BBC Sherlock I'd typed as an ISTP; I'm assuming that's the one op is discussing as it's the most probable one. He uses so much Se it's insane. 

I've seen compelling arguments for Doyle's Sherlock being INTJ and I've seen compelling arguments for the RDJ's Sherlock being INTP. 

That said I'm not going to give this thread anymore attention than this.


----------



## SneazyMyartin14 (Apr 28, 2014)

ScientiaOmnemEst said:


> Me too.
> 
> I for one, maintain that the original Holmes (and each of his _most accurate_ portrayals) is an ISTP.


Sorry for the bad title, I only just realised that it gives off quite an egotistical/ignorant vibe as you both noticed.


----------



## SneazyMyartin14 (Apr 28, 2014)

Yeah the BBC Sherlock.
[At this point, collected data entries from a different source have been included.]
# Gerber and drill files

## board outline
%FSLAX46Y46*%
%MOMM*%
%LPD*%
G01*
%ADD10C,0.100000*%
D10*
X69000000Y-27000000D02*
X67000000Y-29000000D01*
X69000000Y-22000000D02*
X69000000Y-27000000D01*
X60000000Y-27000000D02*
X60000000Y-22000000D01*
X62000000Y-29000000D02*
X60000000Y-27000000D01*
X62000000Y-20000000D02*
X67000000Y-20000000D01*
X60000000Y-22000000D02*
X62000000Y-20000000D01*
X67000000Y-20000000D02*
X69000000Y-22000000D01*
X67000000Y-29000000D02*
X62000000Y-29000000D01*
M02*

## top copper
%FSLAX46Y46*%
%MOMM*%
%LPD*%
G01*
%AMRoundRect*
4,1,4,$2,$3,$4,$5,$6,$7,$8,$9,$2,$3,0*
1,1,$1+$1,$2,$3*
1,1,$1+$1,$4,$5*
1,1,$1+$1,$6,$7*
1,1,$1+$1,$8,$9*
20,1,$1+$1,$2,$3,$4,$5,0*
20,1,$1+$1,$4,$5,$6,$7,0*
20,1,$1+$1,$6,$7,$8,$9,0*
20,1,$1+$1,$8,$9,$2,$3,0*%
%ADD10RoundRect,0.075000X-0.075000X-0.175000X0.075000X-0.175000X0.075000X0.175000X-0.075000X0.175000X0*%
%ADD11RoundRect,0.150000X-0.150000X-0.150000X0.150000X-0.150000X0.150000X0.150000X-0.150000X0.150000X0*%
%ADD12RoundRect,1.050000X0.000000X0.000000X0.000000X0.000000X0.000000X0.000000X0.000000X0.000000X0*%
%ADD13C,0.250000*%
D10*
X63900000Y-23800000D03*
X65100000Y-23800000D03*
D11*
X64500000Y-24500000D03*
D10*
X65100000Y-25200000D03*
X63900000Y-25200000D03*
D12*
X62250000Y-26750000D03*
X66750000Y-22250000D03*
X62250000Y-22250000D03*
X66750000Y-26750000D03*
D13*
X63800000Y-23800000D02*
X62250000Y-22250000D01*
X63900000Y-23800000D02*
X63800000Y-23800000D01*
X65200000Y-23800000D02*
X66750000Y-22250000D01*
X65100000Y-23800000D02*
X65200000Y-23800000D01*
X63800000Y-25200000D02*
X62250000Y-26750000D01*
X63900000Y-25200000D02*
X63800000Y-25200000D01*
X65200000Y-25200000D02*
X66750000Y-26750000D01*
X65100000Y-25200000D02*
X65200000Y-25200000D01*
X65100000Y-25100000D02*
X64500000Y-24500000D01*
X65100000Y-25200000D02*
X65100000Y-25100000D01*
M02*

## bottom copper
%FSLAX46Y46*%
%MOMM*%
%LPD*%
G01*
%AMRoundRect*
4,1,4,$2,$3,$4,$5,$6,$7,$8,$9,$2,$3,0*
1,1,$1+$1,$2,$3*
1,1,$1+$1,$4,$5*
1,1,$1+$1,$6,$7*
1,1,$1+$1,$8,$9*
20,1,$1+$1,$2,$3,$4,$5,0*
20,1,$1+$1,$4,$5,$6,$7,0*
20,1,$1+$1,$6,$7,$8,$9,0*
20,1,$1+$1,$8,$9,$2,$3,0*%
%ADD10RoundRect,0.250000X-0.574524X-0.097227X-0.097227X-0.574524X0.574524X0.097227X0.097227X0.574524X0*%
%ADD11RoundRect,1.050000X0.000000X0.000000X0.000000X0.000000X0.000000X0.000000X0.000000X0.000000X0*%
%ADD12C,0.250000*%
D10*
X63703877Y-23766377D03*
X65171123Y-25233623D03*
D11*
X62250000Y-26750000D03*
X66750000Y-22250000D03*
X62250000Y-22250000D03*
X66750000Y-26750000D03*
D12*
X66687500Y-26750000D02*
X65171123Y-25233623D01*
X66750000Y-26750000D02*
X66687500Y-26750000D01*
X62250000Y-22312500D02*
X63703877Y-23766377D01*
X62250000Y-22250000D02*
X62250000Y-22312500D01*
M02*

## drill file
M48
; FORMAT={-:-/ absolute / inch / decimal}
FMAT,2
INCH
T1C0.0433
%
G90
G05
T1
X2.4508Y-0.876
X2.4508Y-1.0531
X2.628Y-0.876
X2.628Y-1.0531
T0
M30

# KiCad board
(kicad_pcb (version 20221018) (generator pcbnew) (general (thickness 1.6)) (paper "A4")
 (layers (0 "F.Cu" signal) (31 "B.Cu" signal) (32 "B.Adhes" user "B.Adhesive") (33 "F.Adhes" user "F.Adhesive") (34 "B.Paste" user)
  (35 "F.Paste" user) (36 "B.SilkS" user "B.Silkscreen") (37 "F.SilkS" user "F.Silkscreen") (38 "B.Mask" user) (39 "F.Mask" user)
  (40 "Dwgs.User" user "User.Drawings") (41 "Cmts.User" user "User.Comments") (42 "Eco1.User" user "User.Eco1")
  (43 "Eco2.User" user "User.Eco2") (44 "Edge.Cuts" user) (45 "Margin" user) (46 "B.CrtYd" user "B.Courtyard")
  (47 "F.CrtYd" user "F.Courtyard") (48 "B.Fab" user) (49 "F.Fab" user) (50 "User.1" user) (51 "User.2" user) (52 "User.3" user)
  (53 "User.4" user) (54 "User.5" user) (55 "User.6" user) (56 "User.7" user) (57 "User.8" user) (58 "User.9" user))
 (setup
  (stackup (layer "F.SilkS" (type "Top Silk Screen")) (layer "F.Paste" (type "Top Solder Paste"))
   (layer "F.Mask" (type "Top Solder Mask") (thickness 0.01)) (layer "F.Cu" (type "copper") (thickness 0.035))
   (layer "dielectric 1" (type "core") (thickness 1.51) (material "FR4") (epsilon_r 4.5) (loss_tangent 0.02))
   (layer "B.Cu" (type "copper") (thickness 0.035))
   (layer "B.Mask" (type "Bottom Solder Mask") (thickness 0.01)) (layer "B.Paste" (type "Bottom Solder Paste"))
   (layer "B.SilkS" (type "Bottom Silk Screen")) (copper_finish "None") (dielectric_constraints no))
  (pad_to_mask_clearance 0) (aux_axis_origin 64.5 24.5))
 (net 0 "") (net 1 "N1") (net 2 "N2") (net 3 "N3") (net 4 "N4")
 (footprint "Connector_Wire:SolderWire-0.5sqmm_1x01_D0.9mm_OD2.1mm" (layer "F.Cu") (at 62.25 26.75)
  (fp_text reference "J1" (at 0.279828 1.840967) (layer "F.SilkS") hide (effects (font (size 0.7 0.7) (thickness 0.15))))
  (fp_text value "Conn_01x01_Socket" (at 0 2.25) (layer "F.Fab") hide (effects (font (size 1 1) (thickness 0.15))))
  (pad "1" thru_hole roundrect (at 0 0) (size 2.1 2.1) (drill 1.1) (layers "*.Cu" "*.Mask") (roundrect_rratio 0.5) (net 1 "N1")))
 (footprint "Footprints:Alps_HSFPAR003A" (layer "F.Cu") (at 64.5 24.5)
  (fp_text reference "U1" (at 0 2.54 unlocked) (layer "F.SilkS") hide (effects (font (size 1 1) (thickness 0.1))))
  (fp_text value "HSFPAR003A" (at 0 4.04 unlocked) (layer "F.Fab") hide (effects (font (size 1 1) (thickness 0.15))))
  (pad "1" smd roundrect (at -0.6 -0.7) (size 0.3 0.5) (layers "F.Cu" "F.Paste" "F.Mask") (roundrect_rratio 0.25) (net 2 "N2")
   (thermal_bridge_angle 45))
  (pad "2" smd roundrect (at 0.6 -0.7) (size 0.3 0.5) (layers "F.Cu" "F.Paste" "F.Mask") (roundrect_rratio 0.25) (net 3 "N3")
   (thermal_bridge_angle 45))
  (pad "3" smd roundrect (at 0 0) (size 0.6 0.6) (layers "F.Cu" "F.Paste" "F.Mask") (roundrect_rratio 0.25) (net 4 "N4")
   (thermal_bridge_angle 45))
  (pad "3" smd roundrect (at 0.6 0.7) (size 0.3 0.5) (layers "F.Cu" "F.Paste" "F.Mask") (roundrect_rratio 0.25) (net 4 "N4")
   (thermal_bridge_angle 45))
  (pad "4" smd roundrect (at -0.6 0.7) (size 0.3 0.5) (layers "F.Cu" "F.Paste" "F.Mask") (roundrect_rratio 0.25) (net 1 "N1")
   (thermal_bridge_angle 45)))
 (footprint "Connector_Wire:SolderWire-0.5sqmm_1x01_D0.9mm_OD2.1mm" (layer "F.Cu") (at 66.75 22.25)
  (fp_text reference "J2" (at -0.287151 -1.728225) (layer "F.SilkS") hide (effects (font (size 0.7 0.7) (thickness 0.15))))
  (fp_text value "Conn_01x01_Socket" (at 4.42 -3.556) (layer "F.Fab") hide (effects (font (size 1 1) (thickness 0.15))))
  (pad "1" thru_hole roundrect (at 0 0) (size 2.1 2.1) (drill 1.1) (layers "*.Cu" "*.Mask") (roundrect_rratio 0.5) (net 3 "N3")))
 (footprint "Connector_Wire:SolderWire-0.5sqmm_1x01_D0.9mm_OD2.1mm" (layer "F.Cu") (at 62.25 22.25)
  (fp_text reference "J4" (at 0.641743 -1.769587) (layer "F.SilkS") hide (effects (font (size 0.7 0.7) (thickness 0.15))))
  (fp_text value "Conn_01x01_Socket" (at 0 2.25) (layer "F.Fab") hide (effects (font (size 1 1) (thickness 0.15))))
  (pad "1" thru_hole roundrect (at 0 0) (size 2.1 2.1) (drill 1.1) (layers "*.Cu" "*.Mask") (roundrect_rratio 0.5) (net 2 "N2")))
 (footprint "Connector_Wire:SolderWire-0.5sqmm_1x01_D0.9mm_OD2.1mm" (layer "F.Cu") (at 66.75 26.75)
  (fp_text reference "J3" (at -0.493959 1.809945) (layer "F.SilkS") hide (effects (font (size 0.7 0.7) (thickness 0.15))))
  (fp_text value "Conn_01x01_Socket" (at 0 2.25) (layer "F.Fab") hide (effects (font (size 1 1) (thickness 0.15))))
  (pad "1" thru_hole roundrect (at 0 0) (size 2.1 2.1) (drill 1.1) (layers "*.Cu" "*.Mask") (roundrect_rratio 0.5) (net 4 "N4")
   (clearance -1)))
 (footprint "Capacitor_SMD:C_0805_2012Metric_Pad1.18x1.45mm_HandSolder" (layer "B.Cu") (at 64.4375 24.5 -45)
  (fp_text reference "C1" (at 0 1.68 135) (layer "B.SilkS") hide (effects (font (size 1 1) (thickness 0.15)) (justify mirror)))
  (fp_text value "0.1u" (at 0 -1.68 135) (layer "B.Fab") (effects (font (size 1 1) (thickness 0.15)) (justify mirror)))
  (pad "1" smd roundrect (at -1.0375 0 315) (size 1.175 1.45) (layers "B.Cu" "B.Paste" "B.Mask") (roundrect_rratio 0.2127659574)
   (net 2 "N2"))
  (pad "2" smd roundrect (at 1.0375 0 315) (size 1.175 1.45) (layers "B.Cu" "B.Paste" "B.Mask") (roundrect_rratio 0.2127659574) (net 4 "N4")))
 (gr_line (start 69 27) (end 67 29) (stroke (width 0.1) (type default)) (layer "Edge.Cuts"))
 (gr_line (start 69 22) (end 69 27) (stroke (width 0.1) (type default)) (layer "Edge.Cuts"))
 (gr_line (start 60 27) (end 60 22) (stroke (width 0.1) (type default)) (layer "Edge.Cuts"))
 (gr_line (start 62 29) (end 60 27) (stroke (width 0.1) (type default)) (layer "Edge.Cuts"))
 (gr_line (start 62 20) (end 67 20) (stroke (width 0.1) (type default)) (layer "Edge.Cuts"))
 (gr_line (start 60 22) (end 62 20) (stroke (width 0.1) (type default)) (layer "Edge.Cuts"))
 (gr_line (start 67 20) (end 69 22) (stroke (width 0.1) (type default)) (layer "Edge.Cuts"))
 (gr_line (start 67 29) (end 62 29) (stroke (width 0.1) (type default)) (layer "Edge.Cuts"))
 (segment (start 63.8 23.8) (end 62.25 22.25) (width 0.25) (layer "F.Cu") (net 2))
 (segment (start 63.9 23.8) (end 63.8 23.8) (width 0.25) (layer "F.Cu") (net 2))
 (segment (start 62.25 22.25) (end 62.25 22.3125) (width 0.25) (layer "B.Cu") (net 2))
 (segment (start 62.25 22.3125) (end 63.703877 23.766377) (width 0.25) (layer "B.Cu") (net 2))
 (segment (start 65.2 23.8) (end 66.75 22.25) (width 0.25) (layer "F.Cu") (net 3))
 (segment (start 65.1 23.8) (end 65.2 23.8) (width 0.25) (layer "F.Cu") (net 3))
 (segment (start 65.1 25.1) (end 64.5 24.5) (width 0.25) (layer "F.Cu") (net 4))
 (segment (start 65.1 25.2) (end 65.1 25.1) (width 0.25) (layer "F.Cu") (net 4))
 (segment (start 65.2 25.2) (end 66.75 26.75) (width 0.25) (layer "F.Cu") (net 4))
 (segment (start 65.1 25.2) (end 65.2 25.2) (width 0.25) (layer "F.Cu") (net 4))
 (segment (start 66.75 26.75) (end 66.6875 26.75) (width 0.25) (layer "B.Cu") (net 4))
 (segment (start 66.6875 26.75) (end 65.171123 25.233623) (width 0.25) (layer "B.Cu") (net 4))
 (segment (start 63.9 25.2) (end 63.8 25.2) (width 0.25) (layer "F.Cu") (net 1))
 (segment (start 63.8 25.2) (end 62.25 26.75) (width 0.25) (layer "F.Cu") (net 1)))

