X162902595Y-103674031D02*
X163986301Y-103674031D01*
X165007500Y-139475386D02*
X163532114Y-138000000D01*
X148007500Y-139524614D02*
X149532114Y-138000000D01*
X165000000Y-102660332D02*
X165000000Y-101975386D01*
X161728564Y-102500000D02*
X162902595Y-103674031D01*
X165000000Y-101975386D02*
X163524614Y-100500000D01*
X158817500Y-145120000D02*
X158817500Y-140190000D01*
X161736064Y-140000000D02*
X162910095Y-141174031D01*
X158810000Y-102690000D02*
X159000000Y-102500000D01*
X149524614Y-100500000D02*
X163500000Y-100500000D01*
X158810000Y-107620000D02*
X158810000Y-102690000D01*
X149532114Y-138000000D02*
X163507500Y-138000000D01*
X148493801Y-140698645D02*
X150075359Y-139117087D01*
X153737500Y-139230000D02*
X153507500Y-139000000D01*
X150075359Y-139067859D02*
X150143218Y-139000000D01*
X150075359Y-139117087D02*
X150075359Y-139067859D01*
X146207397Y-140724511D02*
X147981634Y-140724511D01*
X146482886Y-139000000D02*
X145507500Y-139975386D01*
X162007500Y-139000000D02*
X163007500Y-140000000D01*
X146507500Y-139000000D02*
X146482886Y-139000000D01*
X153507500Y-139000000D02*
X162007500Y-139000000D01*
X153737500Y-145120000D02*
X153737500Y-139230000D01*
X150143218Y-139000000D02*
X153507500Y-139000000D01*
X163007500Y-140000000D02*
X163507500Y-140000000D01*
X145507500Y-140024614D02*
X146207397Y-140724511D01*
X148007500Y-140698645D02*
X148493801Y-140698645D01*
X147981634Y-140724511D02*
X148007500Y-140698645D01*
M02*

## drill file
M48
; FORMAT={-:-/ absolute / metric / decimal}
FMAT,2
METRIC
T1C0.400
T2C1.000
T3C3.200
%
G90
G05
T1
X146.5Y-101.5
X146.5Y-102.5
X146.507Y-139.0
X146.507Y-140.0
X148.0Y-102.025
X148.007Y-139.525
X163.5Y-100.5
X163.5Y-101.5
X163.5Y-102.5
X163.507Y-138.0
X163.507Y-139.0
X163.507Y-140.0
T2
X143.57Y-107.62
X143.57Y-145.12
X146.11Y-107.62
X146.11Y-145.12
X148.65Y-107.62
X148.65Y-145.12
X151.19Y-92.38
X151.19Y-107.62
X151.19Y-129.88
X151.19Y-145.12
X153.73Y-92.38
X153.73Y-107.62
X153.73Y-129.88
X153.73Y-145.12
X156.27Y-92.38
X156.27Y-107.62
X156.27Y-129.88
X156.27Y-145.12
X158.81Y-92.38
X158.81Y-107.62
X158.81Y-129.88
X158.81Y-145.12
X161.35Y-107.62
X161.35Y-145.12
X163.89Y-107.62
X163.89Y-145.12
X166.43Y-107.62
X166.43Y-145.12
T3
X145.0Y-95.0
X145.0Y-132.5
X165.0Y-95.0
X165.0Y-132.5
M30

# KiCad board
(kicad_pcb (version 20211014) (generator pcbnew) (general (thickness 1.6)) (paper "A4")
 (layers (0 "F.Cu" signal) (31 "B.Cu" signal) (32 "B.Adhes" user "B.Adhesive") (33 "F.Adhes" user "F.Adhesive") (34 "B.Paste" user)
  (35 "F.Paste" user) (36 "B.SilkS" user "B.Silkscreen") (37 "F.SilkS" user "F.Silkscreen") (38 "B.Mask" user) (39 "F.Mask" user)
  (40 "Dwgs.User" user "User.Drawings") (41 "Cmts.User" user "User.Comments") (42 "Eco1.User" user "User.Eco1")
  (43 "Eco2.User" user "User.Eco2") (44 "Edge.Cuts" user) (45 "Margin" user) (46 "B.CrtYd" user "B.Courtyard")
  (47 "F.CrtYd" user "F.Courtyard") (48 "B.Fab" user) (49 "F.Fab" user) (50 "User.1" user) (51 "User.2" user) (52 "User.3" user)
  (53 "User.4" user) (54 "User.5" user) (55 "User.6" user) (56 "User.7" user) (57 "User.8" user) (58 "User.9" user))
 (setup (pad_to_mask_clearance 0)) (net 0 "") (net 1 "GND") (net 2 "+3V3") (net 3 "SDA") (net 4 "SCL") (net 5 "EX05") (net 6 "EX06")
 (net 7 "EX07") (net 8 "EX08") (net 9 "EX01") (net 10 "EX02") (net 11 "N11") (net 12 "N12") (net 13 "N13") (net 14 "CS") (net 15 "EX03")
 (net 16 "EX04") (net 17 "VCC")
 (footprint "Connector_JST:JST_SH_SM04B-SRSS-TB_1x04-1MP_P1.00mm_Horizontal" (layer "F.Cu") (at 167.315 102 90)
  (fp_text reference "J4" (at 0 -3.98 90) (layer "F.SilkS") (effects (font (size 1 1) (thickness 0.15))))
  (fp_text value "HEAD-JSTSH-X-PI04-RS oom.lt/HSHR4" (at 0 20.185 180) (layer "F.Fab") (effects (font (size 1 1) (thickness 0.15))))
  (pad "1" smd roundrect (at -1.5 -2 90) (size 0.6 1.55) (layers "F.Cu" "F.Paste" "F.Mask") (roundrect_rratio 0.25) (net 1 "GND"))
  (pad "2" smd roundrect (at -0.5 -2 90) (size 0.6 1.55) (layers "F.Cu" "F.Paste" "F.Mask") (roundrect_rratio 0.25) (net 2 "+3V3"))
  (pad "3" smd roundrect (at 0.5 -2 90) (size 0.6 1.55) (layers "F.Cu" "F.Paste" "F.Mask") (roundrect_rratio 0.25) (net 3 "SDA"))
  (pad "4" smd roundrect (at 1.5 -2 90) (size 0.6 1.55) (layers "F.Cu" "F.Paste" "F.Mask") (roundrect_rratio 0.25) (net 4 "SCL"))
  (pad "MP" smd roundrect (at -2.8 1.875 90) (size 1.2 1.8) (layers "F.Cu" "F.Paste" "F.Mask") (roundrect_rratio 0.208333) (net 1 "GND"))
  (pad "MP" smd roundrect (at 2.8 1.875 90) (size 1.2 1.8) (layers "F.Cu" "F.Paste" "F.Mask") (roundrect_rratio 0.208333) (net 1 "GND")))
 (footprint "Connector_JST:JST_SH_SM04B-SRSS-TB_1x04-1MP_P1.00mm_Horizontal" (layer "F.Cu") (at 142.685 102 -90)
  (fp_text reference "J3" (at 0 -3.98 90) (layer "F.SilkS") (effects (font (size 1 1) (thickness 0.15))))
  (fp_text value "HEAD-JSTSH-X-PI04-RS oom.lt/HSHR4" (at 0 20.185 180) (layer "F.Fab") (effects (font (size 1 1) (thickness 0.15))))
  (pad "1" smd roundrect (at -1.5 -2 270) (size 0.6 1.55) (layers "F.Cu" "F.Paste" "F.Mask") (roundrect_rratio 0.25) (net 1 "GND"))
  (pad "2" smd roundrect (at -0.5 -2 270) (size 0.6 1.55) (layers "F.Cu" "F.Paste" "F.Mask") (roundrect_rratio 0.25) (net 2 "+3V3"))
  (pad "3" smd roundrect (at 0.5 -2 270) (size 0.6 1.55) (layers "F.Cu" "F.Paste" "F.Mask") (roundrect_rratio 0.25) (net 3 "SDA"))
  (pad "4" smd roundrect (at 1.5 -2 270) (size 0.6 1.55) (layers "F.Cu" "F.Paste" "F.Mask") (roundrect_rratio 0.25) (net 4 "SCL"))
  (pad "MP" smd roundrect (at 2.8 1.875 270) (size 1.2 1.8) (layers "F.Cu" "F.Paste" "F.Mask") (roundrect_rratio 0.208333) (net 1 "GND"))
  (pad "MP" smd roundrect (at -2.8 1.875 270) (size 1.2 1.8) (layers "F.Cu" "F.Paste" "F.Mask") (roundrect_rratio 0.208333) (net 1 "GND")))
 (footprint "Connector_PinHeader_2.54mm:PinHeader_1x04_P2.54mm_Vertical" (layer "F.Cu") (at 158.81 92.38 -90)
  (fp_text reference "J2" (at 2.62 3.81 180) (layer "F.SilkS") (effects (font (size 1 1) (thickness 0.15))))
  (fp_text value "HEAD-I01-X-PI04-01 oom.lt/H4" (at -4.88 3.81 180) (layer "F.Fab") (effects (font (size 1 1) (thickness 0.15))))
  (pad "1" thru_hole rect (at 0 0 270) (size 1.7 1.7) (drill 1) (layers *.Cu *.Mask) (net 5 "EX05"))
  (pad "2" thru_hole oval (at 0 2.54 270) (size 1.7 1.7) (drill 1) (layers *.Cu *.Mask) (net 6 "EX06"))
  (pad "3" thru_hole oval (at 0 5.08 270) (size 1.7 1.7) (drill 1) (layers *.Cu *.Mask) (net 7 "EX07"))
I really don't know then, I just always thought that he uses his Se to process the info, then his Ni to predict and make connections and and also his Te for solving the problems but I guess that can work with Ti too. And since an ISTP is prefferable to intuition aswell(I don't understand Intuition all that well, Ni and Ne seem so similar to me that from an amateur approach it's quite baffling, I need to read a book on cognitive functions) which he doesn't use as much as his Se or Ti(Or Te, I don't know) 
Yeah you're right, he does resemble an ISTP the most.


----------



## Knight of Ender (Mar 30, 2014)

He's not a judger, just look at the state of his house. And I think he uses Intuition over sensing because of how he connects all of the details.


----------



## shameless (Apr 21, 2014)

MartinAcoustics12 said:


> Right, so from my observations and readings on Sherlock Holmes' character and personality type he seems to be most definitely an INTJ.
> 
> I read somewhere that the reason why some people think he is an INTP is because he has developed both Te and Ti. This is why he is insane. He also has very well developed Se.
> 
> ...


I agree with the others. I think he is ISTP

I think your fine btw, weather you think he is INTJ or whatever and happen to be, is irrelevant to me. I did see what they saw too. But you did also apologize for how it came off.


----------



## SlightlyEccentric (Feb 13, 2014)

Interesting I've never really thought much of what type he was before, I always just read and thought it was Moriarty was the one with the INTJ personality type so kind of always thought Holmes would usually be something different, largely depends on what actual variation of Holmes it is, I think I'd agree with the majority so far in probably ISTP.


----------



## dinkytown (Dec 28, 2013)

ISTP.

Inferior Fe is the giveaway. He wants to feel, he tries to feel, but he just has a damn difficult time doing so. When it does come out, it comes out awkwardly and inopportunely. I suffer exactly the same. Yet he's not cold-blooded; he's far more light-hearted, jovial, and frankly unserious than any INTJ I've ever seen.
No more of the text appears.